LBL : Pourquoi avoir fait le choix de l'écriture ? Quand est pourquoi ce choix s’est imposé ?

SB : C'est marrant, j'étais déjà en train d'écrire la réponse avant que tu ne me poses la question. 🙂 . L'écriture permet d'exprimer ce qu'oralement je ne peux pas dire. Ou que je ne parviens pas à dire. Depuis que je sais tenir un stylo, j'écris. Tout comme depuis que je sais tenir une cuillère, je cuisine. J'ai écrit trois livres. Deux thrillers (les premiers tomes de la trilogie de l'Empreinte de la Chair aux Editions du Loir) et un livre jeunesse Titi et Maman, de A à Z.
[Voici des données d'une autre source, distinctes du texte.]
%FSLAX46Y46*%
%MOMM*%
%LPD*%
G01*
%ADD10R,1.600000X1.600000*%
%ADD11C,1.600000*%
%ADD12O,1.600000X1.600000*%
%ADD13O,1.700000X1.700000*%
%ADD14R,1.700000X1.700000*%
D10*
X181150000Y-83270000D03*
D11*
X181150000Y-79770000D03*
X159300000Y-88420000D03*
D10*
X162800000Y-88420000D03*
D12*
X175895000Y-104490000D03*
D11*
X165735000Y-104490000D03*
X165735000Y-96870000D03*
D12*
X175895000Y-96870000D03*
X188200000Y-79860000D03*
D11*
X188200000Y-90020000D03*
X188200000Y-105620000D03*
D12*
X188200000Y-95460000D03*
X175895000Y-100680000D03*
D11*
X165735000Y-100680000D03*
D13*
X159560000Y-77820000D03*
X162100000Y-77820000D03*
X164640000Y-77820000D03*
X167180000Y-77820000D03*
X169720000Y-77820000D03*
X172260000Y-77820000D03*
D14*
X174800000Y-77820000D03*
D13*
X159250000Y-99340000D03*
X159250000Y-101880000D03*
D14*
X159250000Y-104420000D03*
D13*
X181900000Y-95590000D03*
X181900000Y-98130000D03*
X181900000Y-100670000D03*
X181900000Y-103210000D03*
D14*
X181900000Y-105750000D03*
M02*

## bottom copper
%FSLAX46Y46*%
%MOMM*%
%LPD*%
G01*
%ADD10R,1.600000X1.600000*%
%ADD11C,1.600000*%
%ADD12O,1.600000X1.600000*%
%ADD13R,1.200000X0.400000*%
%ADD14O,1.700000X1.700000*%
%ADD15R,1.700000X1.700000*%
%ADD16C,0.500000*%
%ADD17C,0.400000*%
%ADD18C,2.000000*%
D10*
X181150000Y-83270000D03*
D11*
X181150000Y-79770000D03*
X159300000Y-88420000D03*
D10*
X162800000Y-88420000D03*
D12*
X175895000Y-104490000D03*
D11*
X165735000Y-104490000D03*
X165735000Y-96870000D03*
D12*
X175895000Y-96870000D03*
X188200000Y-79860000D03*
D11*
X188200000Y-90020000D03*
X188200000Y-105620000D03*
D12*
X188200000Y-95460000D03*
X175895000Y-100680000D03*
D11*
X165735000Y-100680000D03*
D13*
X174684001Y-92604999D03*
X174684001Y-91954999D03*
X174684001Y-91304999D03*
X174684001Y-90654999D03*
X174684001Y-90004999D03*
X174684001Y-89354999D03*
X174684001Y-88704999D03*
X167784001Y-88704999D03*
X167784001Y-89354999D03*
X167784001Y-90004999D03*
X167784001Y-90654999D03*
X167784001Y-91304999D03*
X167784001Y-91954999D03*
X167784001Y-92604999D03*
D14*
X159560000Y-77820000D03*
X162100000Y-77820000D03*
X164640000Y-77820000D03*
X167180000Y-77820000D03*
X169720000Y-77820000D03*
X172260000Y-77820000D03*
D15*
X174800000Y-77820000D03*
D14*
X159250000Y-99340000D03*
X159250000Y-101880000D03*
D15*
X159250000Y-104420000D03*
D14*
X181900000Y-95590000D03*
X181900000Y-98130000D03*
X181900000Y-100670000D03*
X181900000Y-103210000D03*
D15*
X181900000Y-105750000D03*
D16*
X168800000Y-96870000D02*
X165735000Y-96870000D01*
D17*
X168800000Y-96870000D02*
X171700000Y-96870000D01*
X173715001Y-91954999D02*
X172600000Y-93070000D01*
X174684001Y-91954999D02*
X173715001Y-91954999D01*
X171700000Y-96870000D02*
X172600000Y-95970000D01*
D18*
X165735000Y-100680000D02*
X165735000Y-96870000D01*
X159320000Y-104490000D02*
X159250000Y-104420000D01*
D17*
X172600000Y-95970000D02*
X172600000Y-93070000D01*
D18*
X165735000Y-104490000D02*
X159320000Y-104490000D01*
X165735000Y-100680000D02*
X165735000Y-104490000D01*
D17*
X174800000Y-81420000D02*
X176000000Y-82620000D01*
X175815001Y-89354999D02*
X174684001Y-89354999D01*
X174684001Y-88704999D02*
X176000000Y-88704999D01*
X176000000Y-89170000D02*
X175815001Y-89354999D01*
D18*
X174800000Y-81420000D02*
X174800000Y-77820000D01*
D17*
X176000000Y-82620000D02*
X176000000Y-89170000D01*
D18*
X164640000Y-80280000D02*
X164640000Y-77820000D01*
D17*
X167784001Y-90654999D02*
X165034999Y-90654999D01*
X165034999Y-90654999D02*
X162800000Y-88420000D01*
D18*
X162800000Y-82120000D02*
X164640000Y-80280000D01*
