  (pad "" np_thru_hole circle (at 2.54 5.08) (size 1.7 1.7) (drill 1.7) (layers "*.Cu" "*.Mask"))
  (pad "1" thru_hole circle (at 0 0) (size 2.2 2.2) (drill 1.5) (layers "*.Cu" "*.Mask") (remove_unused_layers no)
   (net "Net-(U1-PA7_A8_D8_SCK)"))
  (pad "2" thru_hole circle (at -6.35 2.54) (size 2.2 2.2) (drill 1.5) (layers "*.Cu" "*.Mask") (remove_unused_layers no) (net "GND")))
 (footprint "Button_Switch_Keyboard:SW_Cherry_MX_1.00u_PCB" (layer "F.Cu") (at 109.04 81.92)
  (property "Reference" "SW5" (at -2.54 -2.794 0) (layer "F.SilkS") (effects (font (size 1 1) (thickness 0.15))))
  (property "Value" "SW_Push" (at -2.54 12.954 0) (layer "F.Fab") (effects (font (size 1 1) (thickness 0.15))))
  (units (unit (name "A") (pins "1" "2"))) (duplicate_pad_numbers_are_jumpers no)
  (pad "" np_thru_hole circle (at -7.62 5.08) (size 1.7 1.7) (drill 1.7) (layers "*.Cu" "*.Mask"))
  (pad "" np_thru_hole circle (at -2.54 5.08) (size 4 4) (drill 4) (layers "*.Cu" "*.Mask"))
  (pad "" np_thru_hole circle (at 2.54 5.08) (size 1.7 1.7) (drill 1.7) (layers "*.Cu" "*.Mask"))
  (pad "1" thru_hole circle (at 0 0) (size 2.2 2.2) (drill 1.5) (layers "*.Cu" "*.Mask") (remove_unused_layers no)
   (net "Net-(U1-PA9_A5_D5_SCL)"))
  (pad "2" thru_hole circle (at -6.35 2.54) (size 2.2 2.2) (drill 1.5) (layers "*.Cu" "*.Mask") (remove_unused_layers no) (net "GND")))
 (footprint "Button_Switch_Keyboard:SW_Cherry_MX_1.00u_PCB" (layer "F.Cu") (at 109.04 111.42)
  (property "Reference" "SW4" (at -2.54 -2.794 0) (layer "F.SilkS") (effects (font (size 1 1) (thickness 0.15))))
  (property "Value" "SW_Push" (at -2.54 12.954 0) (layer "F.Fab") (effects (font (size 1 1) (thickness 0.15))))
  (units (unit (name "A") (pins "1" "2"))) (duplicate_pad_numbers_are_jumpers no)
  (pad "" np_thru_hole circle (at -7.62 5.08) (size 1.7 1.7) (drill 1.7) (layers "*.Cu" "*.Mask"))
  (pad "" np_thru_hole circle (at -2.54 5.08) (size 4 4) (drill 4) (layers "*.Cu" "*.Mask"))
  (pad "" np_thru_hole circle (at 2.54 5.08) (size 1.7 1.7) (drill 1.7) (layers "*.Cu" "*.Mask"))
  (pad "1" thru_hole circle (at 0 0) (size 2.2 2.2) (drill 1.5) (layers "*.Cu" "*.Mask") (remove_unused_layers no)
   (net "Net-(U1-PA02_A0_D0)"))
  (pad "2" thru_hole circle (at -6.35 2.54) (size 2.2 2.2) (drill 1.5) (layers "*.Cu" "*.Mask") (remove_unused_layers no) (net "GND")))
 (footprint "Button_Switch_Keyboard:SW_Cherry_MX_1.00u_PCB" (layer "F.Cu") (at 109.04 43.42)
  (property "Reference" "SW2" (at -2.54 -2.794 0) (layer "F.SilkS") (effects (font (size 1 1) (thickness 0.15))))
Pourquoi le thriller? Parce que cela me permet d'exprimer le côté sombre en moi. Le premier tome de l'Empreinte est assez personnel J'y ai mis des choses dont je voulais parler. Le deuxième est un thriller pur et dur.

Le livre jeunesse parce que je suis avant tout une maman qui souhaite répondre aux questions de ses enfants.

Ce choix s'est imposé en 2015 alors que je venais de vivre plusieurs années intenses au niveau pro. Je ne sais pas comment les personnages de l'Empreinte sont venus à moi. Il était temps que je me pose pour écrire enfin et m'octroyer le droit de croire en moi


LBL : Quels sont tes rituels d’écriture ?

SB : Je n'ai pas vraiment de rituels d'écriture contrairement à d'autres. Je me pose avec mon ordi n'importe où mais l'envie d'écrire est déclenchée par une phrase qui d'un coup me vient à l'esprit et qu'il faut que je développe. Ensuite, je découpe mon roman et j'écris 15000 signes minimum par jour. Sans relire. Puis, le lendemain je relis avant que cette fameuse phrase arrive. Avec moi, j'ai toujours un chat, un feu de cheminée quand il fait froid et une bouteille d'eau gazeuse. J'éteins mon portable et j'écris pendant trois heures le matin. Ensuite, je déjeune puis je me repose. Je lis souvent des livres en rapport avec le thème du roman que je suis en train d'écrire. Alors, je me remets devant mon ordi et j'écris jusqu'à ce qu'il soit l'heure d'aller chercher ma fille au collège.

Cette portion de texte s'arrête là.